# Entitlements after qualifying for Medical Card



## slookie (15 Aug 2012)

Hi all, just a brief background. We just got approved for a medical card in the last few weeks...we had applied a year or two ago, but were something like a few euro over or something . Anyway, since having a newborn, and herself out on maternity leave, our situation has changed and we have been approved for one.
Having never had one before, and it's due for review in April 2013, I'm going to make the most of it. So what am I entitled to? Can I get my teeth, cleaned, any fillings I might need etc? Also, I'm a smoker and have done loads of research on packing them in. Loads of people swear by Champix which is only available on prescription. Normally would cost me €40 for the doctor, and think the tablets are between €150 and €200 per month....so with the card, would I be entitled to all this for free? 
Don;t mean to sound like a sponge, but there are plenty of people in the country milking the system, so I intend on making the most of it.
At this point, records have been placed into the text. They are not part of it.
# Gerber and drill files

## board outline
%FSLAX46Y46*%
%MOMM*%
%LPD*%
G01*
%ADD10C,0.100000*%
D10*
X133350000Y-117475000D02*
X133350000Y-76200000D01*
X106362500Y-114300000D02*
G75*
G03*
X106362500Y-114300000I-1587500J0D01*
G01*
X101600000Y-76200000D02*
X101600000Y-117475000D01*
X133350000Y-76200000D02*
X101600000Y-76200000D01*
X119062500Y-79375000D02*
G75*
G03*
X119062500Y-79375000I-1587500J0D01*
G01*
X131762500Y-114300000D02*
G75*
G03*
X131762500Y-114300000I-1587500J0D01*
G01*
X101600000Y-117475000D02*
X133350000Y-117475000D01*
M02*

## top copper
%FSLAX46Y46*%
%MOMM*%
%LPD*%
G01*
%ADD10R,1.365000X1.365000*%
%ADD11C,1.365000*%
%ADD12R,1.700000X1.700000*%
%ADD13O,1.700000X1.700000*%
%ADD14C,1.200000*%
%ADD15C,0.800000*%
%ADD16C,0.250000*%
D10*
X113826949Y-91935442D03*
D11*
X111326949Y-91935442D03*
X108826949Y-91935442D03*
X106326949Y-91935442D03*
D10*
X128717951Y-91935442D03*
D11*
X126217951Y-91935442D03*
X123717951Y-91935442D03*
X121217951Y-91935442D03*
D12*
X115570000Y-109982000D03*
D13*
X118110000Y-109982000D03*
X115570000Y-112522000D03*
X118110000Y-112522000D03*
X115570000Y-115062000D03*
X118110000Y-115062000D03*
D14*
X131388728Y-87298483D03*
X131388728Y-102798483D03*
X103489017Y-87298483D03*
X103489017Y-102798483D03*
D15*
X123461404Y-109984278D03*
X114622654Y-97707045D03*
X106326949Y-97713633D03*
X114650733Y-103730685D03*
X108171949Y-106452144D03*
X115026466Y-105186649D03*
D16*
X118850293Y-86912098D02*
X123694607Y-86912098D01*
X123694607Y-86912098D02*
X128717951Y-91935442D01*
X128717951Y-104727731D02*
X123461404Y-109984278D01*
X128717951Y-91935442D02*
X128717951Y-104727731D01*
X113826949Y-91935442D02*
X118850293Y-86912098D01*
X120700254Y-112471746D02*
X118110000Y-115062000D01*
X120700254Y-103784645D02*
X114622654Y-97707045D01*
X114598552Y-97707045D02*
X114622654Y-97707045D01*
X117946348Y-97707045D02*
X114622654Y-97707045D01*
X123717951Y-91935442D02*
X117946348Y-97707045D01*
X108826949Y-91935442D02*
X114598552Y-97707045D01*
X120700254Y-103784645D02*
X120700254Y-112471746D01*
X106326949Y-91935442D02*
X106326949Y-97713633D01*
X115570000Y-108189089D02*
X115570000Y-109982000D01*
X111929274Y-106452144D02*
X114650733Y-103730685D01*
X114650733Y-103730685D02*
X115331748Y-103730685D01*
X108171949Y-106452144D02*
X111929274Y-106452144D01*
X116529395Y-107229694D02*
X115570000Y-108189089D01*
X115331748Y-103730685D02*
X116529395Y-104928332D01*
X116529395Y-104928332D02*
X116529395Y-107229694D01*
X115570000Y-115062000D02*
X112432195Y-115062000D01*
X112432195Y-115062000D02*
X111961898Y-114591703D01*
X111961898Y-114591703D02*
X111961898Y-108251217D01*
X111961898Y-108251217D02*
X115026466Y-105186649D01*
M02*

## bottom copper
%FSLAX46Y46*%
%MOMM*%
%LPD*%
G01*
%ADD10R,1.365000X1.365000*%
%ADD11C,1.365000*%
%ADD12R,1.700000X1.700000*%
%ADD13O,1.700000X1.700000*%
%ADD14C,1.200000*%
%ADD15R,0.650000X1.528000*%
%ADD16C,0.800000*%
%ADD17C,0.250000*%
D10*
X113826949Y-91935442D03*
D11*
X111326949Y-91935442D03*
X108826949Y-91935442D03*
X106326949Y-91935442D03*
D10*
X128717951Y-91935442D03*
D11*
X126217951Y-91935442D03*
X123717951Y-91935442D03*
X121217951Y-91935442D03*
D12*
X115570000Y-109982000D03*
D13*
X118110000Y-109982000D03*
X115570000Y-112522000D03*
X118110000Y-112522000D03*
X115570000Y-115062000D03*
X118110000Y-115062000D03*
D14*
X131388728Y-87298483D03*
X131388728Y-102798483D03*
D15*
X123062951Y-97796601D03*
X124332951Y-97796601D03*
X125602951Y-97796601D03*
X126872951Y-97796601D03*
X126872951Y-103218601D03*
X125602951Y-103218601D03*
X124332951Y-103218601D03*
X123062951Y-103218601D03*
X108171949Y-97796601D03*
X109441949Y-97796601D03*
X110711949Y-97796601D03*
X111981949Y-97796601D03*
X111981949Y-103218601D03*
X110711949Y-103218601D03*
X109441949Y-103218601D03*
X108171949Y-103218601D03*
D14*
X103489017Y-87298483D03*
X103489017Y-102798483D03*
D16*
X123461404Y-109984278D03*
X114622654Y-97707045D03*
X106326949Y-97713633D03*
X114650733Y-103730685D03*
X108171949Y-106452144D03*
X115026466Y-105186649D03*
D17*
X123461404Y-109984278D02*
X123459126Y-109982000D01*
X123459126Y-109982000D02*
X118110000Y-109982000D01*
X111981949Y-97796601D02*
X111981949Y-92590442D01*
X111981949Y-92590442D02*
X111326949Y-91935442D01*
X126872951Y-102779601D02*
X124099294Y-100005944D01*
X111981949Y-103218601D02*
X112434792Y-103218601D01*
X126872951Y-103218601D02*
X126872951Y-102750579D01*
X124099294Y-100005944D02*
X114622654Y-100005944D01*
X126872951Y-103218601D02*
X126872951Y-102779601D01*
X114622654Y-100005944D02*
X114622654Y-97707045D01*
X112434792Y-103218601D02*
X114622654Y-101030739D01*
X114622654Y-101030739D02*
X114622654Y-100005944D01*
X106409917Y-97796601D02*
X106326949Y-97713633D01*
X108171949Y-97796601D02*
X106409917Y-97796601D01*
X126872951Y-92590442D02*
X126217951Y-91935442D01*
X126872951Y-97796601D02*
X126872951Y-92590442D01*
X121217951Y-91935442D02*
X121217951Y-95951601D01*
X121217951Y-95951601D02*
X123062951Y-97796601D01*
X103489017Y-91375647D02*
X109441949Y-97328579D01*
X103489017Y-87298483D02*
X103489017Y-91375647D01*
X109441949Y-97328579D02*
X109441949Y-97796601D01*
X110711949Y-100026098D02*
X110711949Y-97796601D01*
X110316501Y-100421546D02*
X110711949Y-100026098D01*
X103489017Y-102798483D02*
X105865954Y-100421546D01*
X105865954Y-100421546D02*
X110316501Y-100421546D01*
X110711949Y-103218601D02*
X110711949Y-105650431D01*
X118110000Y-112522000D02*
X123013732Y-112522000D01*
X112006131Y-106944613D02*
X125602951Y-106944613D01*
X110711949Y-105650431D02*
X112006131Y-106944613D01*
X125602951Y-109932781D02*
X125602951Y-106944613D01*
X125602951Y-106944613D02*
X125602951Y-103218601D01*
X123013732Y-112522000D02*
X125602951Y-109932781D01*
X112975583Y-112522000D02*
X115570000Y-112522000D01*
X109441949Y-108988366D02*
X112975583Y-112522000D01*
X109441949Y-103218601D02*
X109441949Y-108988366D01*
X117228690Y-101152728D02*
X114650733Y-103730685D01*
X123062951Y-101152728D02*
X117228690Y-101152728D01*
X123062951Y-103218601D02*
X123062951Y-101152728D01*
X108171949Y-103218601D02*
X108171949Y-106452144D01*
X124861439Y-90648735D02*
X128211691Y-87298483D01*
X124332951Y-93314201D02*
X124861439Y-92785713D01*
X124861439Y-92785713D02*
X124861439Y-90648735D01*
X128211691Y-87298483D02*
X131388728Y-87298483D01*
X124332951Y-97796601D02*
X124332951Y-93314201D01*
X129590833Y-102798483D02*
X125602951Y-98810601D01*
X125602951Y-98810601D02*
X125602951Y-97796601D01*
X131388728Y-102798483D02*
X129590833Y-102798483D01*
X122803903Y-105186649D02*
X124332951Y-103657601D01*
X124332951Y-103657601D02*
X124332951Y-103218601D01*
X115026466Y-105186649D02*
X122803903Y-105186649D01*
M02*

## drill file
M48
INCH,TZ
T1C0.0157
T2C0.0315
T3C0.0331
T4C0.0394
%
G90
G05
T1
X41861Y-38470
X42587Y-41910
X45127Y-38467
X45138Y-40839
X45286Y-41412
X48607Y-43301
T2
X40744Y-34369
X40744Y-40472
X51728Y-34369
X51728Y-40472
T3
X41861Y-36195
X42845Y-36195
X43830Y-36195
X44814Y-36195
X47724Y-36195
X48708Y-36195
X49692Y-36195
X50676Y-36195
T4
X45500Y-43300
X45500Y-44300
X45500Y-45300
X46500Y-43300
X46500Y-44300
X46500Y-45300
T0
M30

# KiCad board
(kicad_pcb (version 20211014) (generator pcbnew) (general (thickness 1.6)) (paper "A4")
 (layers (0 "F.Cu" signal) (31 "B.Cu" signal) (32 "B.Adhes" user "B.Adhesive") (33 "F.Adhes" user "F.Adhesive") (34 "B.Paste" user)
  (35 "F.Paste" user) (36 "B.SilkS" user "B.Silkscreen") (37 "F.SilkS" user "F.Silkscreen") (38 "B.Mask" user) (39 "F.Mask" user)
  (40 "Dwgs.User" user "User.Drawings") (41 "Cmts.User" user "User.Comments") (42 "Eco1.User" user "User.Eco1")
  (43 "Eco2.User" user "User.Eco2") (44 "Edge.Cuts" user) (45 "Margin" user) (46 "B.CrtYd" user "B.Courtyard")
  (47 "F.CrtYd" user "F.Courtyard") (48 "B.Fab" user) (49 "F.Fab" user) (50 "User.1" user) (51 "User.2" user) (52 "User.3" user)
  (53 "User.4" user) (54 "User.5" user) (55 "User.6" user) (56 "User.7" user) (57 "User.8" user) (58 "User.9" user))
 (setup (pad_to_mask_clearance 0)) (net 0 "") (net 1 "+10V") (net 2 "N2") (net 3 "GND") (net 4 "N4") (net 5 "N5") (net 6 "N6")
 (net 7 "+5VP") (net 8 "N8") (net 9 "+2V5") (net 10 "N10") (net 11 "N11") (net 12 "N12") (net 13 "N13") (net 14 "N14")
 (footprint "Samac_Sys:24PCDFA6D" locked (layer "F.Cu") (at 113.826949 91.935442)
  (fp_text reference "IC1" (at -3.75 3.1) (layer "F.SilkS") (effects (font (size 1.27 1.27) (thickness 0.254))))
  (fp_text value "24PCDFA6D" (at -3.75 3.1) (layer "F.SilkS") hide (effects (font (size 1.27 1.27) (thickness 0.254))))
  (pad "1" thru_hole rect locked (at 0 0) (size 1.365 1.365) (drill 0.84) (layers *.Cu *.Mask) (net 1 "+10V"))
  (pad "2" thru_hole circle locked (at -2.5 0) (size 1.365 1.365) (drill 0.84) (layers *.Cu *.Mask) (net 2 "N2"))
  (pad "3" thru_hole circle locked (at -5 0) (size 1.365 1.365) (drill 0.84) (layers *.Cu *.Mask) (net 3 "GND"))
  (pad "4" thru_hole circle locked (at -7.5 0) (size 1.365 1.365) (drill 0.84) (layers *.Cu *.Mask) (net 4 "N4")))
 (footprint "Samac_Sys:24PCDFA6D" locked (layer "F.Cu") (at 128.717951 91.935442)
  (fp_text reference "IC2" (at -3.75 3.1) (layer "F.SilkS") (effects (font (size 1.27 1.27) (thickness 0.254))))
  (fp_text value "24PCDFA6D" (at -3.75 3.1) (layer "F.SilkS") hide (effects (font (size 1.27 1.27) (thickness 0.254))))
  (pad "1" thru_hole rect locked (at 0 0) (size 1.365 1.365) (drill 0.84) (layers *.Cu *.Mask) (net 1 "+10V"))
  (pad "2" thru_hole circle locked (at -2.5 0) (size 1.365 1.365) (drill 0.84) (layers *.Cu *.Mask) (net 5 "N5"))
  (pad "3" thru_hole circle locked (at -5 0) (size 1.365 1.365) (drill 0.84) (layers *.Cu *.Mask) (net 3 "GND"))
  (pad "4" thru_hole circle locked (at -7.5 0) (size 1.365 1.365) (drill 0.84) (layers *.Cu *.Mask) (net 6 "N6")))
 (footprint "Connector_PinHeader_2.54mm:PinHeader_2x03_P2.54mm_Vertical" (layer "F.Cu") (at 115.57 109.982)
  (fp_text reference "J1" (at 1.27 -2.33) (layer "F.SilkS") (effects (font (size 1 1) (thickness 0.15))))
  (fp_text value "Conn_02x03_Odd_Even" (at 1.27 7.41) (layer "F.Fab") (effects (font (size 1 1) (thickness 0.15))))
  (pad "1" thru_hole rect locked (at 0 0) (size 1.7 1.7) (drill 1) (layers *.Cu *.Mask) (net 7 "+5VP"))
  (pad "2" thru_hole oval locked (at 2.54 0) (size 1.7 1.7) (drill 1) (layers *.Cu *.Mask) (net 1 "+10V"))
  (pad "3" thru_hole oval locked (at 0 2.54) (size 1.7 1.7) (drill 1) (layers *.Cu *.Mask) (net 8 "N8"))
  (pad "4" thru_hole oval locked (at 2.54 2.54) (size 1.7 1.7) (drill 1) (layers *.Cu *.Mask) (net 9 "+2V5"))
  (pad "5" thru_hole oval locked (at 0 5.08) (size 1.7 1.7) (drill 1) (layers *.Cu *.Mask) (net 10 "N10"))
  (pad "6" thru_hole oval locked (at 2.54 5.08) (size 1.7 1.7) (drill 1) (layers *.Cu *.Mask) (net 3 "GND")))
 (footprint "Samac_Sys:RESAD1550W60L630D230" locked (layer "B.Cu") (at 131.388728 87.298483 -90)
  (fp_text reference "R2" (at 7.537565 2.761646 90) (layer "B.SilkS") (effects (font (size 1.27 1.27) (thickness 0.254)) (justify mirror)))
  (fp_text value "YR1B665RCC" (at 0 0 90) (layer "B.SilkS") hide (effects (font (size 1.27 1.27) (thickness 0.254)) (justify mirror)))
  (pad "1" thru_hole circle locked (at 0 0 270) (size 1.2 1.2) (drill 0.8) (layers *.Cu *.Mask) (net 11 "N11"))
  (pad "2" thru_hole circle locked (at 15.5 0 270) (size 1.2 1.2) (drill 0.8) (layers *.Cu *.Mask) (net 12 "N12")))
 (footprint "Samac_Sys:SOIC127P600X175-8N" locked (layer "B.Cu") (at 124.967951 100.507601 -90)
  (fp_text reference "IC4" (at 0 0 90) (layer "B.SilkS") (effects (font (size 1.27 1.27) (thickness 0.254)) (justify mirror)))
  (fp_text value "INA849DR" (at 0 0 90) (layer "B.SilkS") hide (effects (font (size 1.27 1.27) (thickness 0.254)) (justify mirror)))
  (pad "1" smd rect locked (at -2.711 1.905 180) (size 0.65 1.528) (layers "B.Cu" "B.Paste" "B.Mask") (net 6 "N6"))
  (pad "2" smd rect locked (at -2.711 0.635 180) (size 0.65 1.528) (layers "B.Cu" "B.Paste" "B.Mask") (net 11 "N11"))
  (pad "3" smd rect locked (at -2.711 -0.635 180) (size 0.65 1.528) (layers "B.Cu" "B.Paste" "B.Mask") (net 12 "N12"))
  (pad "4" smd rect locked (at -2.711 -1.905 180) (size 0.65 1.528) (layers "B.Cu" "B.Paste" "B.Mask") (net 5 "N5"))
  (pad "5" smd rect locked (at 2.711 -1.905 180) (size 0.65 1.528) (layers "B.Cu" "B.Paste" "B.Mask") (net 3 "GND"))
  (pad "6" smd rect locked (at 2.711 -0.635 180) (size 0.65 1.528) (layers "B.Cu" "B.Paste" "B.Mask") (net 9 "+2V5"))
  (pad "7" smd rect locked (at 2.711 0.635 180) (size 0.65 1.528) (layers "B.Cu" "B.Paste" "B.Mask") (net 10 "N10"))
  (pad "8" smd rect locked (at 2.711 1.905 180) (size 0.65 1.528) (layers "B.Cu" "B.Paste" "B.Mask") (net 7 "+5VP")))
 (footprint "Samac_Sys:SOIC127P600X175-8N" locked (layer "B.Cu") (at 110.076949 100.507601 -90)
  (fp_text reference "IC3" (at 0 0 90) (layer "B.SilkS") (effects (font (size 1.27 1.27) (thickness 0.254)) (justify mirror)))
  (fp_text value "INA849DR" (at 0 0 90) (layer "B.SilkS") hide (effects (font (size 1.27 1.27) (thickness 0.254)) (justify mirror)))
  (pad "1" smd rect locked (at -2.711 1.905 180) (size 0.65 1.528) (layers "B.Cu" "B.Paste" "B.Mask") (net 4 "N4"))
Any advice appreciated.


----------



## Sandals (15 Aug 2012)

Paid €80 to have my teeth cleaned every year in August....seen a sign saying €40 with medical card .


----------



## Subtitle (15 Aug 2012)

You're entitled to a dental check up and up to two fillings every two years as well as extractions as far as I know. 
Your GP visits will be free


----------



## slookie (15 Aug 2012)

Thanks for that, I wonder are cleanings included?


----------



## Subtitle (15 Aug 2012)

Open to correction here but I don't think a cleaning by the hygienist is included


----------



## Juliel (15 Aug 2012)

cleaning cost me €40 on my card. all medical scripts are free - 50cent charge and its worth noting that there are quite a few of over the counter medicines included- e.g paracetamol, clonfolic, dry skin creams, shampoo's, baby pain relief brufin (neurofin) and paralink sups. My advice don't be afraid to ask your doc !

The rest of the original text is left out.